When Donald Trump launched a campaign on Harvard University’s admissions policies and broader educational culture, it was framed as part of a wider assault against what he called “wokeness” in American academia.
But across the Atlantic, a different kind of academic is gaining political traction, not in opposition to populism, but in defence of it.
Karol Nawrocki, a historian with a PhD in the humanities, was elected president of Poland two weeks ago. An admirer of Trump’s nationalist agenda, Nawrocki is not an isolated case.
In Germany, Alice Weidel, co-chair of the far-right Alternative for Germany (AfD), is an economist whose doctoral research focused on China’s pension system at the University of Bayreuth.
In Portugal, Andre Ventura, leader of the far-right Chega party, holds a PhD in public law.
In Romania, George Simion, another far-right figure and historian, and a Trump admirer, recently lost a presidential election to a pro-EU candidate but played a vocal role in supporting Nawrocki’s campaign.
The emergence of these figures raises a question: are nationalist academics becoming a trend in European politics? Is this an actual shift or isolationist exceptions?
“It’s not a model,” says Emmanuel Dupuy, a political scientist at the Catholic University of Lille and president of the Institute for European Perspective and Security Studies (IPSE), a think-tank focused on track-two diplomacy and strategic analysis.
“I must say that it is not the norm across Europe. While there are far-right politicians from academic backgrounds, not all are from academia,” Dupuy tells TRT World.
Academics and populism
Critics of populism often deride it for offering simplistic answers to complex issues, from migration to economic policy to the Israel Palestine conflict. But Dupuy sees academic participation in right-wing politics as symptomatic of a broader sociological trend: growing disillusionment with mainstream political elites.
“Very simple and very easy to say that academics are not from Mars,” he says. “They represent ideologies like everyone else. An academic is not inherently neutral, they have personal and political beliefs, often shaped by their family and social and political background.”
Academics, Dupuy adds, are not “out of the society”, but “inside the society”. “It is perfectly normal that some choose to apply their expertise in a political context.”
While Dupuy sees the emergence of academic politicians as part of a change in the general sociology of elected political leadership in Europe, Chega leader Ventura said that he has viewed academia and politics in different dimensions.
Ventura, for his part, insists on separating his academic work from his politics. When questioned about the apparent contradiction between his PhD thesis, which critiques “criminal populism”, stigmatisation of minorities, and the expansion of police powers and his current far-right positions, Ventura claimed that his academic writing was “scientific analysis, not ideological postulate.”
Not nationalist, but ‘sovereigntist’
For Dupuy, it's not “very difficult to understand” that these right-wing academicians adopt “some elements of sovereignty or the reaffirmation of the sovereignty of their country” whether it's Poland or Portugal.
As a result, he does not call them nationalists but sovereignists. Across the EU territory, many far-right groups have emerged in their opposition of the union’s federalist policies which they believe violate their own countries’ sovereign rules.
“It’s not very difficult to understand,” he says, “that these right-wing academics are advocating a reaffirmation of their countries’ sovereignty.”
However, Dupuy adds that the academic influence on far-right politics remains limited in countries like Italy and France, where populist leaders often lack academic credentials.
Italian Prime Minister Giorgia Meloni, despite her adoption of hardline policies, does not come from an academic background. Nor do French far-right leaders Marine Le Pen and Jordan Bardella. Bardella, an anti-immigration politician, is himself the son of migrants.
“Moment of political rediscovery”
Dupuy also dismisses the influence of Renaud Camus, a far-right French academic, whom many credit for the rise of anti-migrant “The Great Replacement” theory, which claims that migrants would eventually replace natives if migration were not stopped across Europe.
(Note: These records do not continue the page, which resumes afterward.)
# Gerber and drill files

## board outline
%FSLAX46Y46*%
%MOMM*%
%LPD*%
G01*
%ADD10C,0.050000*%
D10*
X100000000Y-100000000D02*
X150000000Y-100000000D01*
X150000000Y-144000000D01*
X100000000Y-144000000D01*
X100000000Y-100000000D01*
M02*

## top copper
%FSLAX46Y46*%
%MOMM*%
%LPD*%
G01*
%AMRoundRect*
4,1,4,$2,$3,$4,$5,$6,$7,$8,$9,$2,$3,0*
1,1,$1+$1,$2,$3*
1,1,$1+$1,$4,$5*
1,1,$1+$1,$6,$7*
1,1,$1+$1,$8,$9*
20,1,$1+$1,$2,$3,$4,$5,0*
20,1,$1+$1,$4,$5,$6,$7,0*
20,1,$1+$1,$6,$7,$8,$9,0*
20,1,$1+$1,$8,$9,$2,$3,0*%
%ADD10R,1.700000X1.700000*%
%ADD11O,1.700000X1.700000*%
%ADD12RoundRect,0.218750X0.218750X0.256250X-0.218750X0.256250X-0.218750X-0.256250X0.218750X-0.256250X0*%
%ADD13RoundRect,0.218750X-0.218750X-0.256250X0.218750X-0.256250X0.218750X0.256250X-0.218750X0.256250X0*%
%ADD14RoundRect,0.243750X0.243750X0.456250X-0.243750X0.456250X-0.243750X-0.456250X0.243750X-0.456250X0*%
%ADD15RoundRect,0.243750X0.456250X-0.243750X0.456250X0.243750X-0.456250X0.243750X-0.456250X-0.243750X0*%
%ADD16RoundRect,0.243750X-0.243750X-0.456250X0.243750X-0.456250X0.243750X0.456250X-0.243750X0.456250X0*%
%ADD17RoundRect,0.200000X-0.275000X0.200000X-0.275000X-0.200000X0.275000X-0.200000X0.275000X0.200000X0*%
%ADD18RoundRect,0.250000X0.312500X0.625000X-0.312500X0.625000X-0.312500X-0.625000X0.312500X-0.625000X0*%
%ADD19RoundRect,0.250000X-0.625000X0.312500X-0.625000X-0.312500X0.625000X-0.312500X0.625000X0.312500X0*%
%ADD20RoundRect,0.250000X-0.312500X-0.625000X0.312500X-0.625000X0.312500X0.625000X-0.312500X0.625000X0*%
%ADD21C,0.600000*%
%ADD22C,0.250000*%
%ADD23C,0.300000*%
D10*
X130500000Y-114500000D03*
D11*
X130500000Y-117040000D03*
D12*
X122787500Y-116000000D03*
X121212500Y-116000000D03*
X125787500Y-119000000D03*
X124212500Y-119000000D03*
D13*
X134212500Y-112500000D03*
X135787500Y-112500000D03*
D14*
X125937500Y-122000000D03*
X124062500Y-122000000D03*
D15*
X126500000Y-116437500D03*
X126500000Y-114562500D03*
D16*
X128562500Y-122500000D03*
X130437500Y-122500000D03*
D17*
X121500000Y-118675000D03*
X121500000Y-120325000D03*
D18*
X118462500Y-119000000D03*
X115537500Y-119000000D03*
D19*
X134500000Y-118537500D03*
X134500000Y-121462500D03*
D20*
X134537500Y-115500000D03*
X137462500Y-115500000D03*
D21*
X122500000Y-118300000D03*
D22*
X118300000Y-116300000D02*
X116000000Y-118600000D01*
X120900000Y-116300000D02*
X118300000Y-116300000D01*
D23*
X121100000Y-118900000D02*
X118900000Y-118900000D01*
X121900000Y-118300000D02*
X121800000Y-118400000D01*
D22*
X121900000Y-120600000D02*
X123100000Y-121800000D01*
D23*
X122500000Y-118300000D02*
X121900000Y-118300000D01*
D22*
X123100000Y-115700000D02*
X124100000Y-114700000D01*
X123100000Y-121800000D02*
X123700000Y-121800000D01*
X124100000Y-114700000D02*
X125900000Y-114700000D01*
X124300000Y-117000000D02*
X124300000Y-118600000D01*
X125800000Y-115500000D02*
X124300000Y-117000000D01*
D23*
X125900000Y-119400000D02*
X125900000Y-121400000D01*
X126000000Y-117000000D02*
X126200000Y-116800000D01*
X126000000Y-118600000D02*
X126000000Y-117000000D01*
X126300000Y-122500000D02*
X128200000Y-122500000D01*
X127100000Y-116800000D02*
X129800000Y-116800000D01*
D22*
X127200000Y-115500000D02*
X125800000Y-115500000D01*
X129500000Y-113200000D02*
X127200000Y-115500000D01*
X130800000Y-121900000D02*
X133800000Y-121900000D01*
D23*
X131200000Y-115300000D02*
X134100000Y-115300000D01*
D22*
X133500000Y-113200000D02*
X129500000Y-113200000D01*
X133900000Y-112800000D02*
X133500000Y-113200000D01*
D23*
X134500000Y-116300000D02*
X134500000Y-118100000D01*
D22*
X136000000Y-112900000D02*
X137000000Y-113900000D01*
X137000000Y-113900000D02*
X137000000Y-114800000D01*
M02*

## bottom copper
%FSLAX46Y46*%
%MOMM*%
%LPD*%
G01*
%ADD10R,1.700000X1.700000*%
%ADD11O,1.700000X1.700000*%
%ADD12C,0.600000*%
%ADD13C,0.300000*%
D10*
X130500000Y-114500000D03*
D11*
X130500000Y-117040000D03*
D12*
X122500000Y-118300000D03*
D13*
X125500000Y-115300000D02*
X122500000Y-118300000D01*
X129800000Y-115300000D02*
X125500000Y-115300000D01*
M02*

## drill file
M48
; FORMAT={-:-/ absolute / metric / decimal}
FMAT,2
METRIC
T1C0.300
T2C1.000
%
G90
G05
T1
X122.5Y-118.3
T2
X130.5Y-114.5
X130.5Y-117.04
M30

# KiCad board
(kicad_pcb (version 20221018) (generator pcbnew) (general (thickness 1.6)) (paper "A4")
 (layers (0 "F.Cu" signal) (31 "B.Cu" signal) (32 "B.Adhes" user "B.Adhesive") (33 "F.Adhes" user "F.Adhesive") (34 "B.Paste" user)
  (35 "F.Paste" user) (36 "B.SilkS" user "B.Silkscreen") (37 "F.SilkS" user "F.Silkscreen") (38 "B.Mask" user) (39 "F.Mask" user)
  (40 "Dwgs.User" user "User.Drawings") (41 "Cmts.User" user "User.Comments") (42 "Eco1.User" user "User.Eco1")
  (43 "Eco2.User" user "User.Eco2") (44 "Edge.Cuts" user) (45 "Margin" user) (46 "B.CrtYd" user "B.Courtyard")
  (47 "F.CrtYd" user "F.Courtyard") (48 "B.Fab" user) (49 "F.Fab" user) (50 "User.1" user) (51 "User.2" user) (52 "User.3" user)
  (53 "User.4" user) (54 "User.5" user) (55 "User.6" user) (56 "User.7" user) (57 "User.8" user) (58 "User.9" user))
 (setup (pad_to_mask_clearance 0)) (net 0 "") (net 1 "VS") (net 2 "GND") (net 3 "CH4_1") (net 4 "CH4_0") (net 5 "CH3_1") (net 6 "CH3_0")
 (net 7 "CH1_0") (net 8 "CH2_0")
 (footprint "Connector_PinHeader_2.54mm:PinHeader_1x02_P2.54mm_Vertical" (layer "F.Cu") (at 130.5 114.5)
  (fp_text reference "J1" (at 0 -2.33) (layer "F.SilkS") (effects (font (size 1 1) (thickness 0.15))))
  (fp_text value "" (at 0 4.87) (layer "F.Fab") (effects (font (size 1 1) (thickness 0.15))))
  (pad "1" thru_hole rect (at 0 0) (size 1.7 1.7) (drill 1) (layers "*.Cu" "*.Mask") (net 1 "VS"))
  (pad "2" thru_hole oval (at 0 2.54) (size 1.7 1.7) (drill 1) (layers "*.Cu" "*.Mask") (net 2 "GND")))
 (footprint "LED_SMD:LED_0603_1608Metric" (layer "F.Cu") (at 122 116 180)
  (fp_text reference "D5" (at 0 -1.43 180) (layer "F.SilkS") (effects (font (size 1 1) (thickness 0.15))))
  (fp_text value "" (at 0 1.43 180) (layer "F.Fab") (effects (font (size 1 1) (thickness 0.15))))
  (pad "1" smd roundrect (at -0.7875 0 180) (size 0.875 0.95) (layers "F.Cu" "F.Paste" "F.Mask") (roundrect_rratio 0.25) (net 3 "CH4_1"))
  (pad "2" smd roundrect (at 0.7875 0 180) (size 0.875 0.95) (layers "F.Cu" "F.Paste" "F.Mask") (roundrect_rratio 0.25) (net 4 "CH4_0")))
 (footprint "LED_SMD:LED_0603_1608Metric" (layer "F.Cu") (at 125 119 180)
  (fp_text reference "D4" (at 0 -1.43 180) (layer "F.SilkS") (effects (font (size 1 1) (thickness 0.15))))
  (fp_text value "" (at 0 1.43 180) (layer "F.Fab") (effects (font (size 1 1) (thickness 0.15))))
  (pad "1" smd roundrect (at -0.7875 0 180) (size 0.875 0.95) (layers "F.Cu" "F.Paste" "F.Mask") (roundrect_rratio 0.25) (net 2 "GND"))
  (pad "2" smd roundrect (at 0.7875 0 180) (size 0.875 0.95) (layers "F.Cu" "F.Paste" "F.Mask") (roundrect_rratio 0.25) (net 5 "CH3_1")))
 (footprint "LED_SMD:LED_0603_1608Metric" (layer "F.Cu") (at 135 112.5)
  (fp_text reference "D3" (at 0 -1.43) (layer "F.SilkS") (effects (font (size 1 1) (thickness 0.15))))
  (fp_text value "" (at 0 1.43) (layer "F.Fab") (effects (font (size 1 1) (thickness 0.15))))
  (pad "1" smd roundrect (at -0.7875 0) (size 0.875 0.95) (layers "F.Cu" "F.Paste" "F.Mask") (roundrect_rratio 0.25) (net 5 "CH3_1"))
“Camus represents nothing politically,” says Dupuy. “Camus spoke academically about the question of migration, which was in the rhetoric of the nationalist parties for ten to twenty years before Camus ever wrote about it. His ideas were already in the rhetoric of nationalist parties long before he wrote about them.”
Ecaterina Matoi, a Romanian academic at the Bucharest-based Middle East Political and Economic Institute (MEPEI), agrees with Dupuy. “Camus never reached the level of influence that Marine Le Pen has,” she says.
But Matoi also draws attention to the fact that “in this moment of political rediscovery, the European community should not forget” that former German Chancellor of Germany, Angela Merkel, a mainstream conservative leader, was also “an academic.”
Merkel, who was long considered a symbol of centrist stability in Europe, was not only defined by her academic background, just as Nawrocki’s or Weidel’s does not fully explain theirs.
“Being an academic doesn’t make one moderate or extreme,” she says, “but it can shape how they articulate policy.”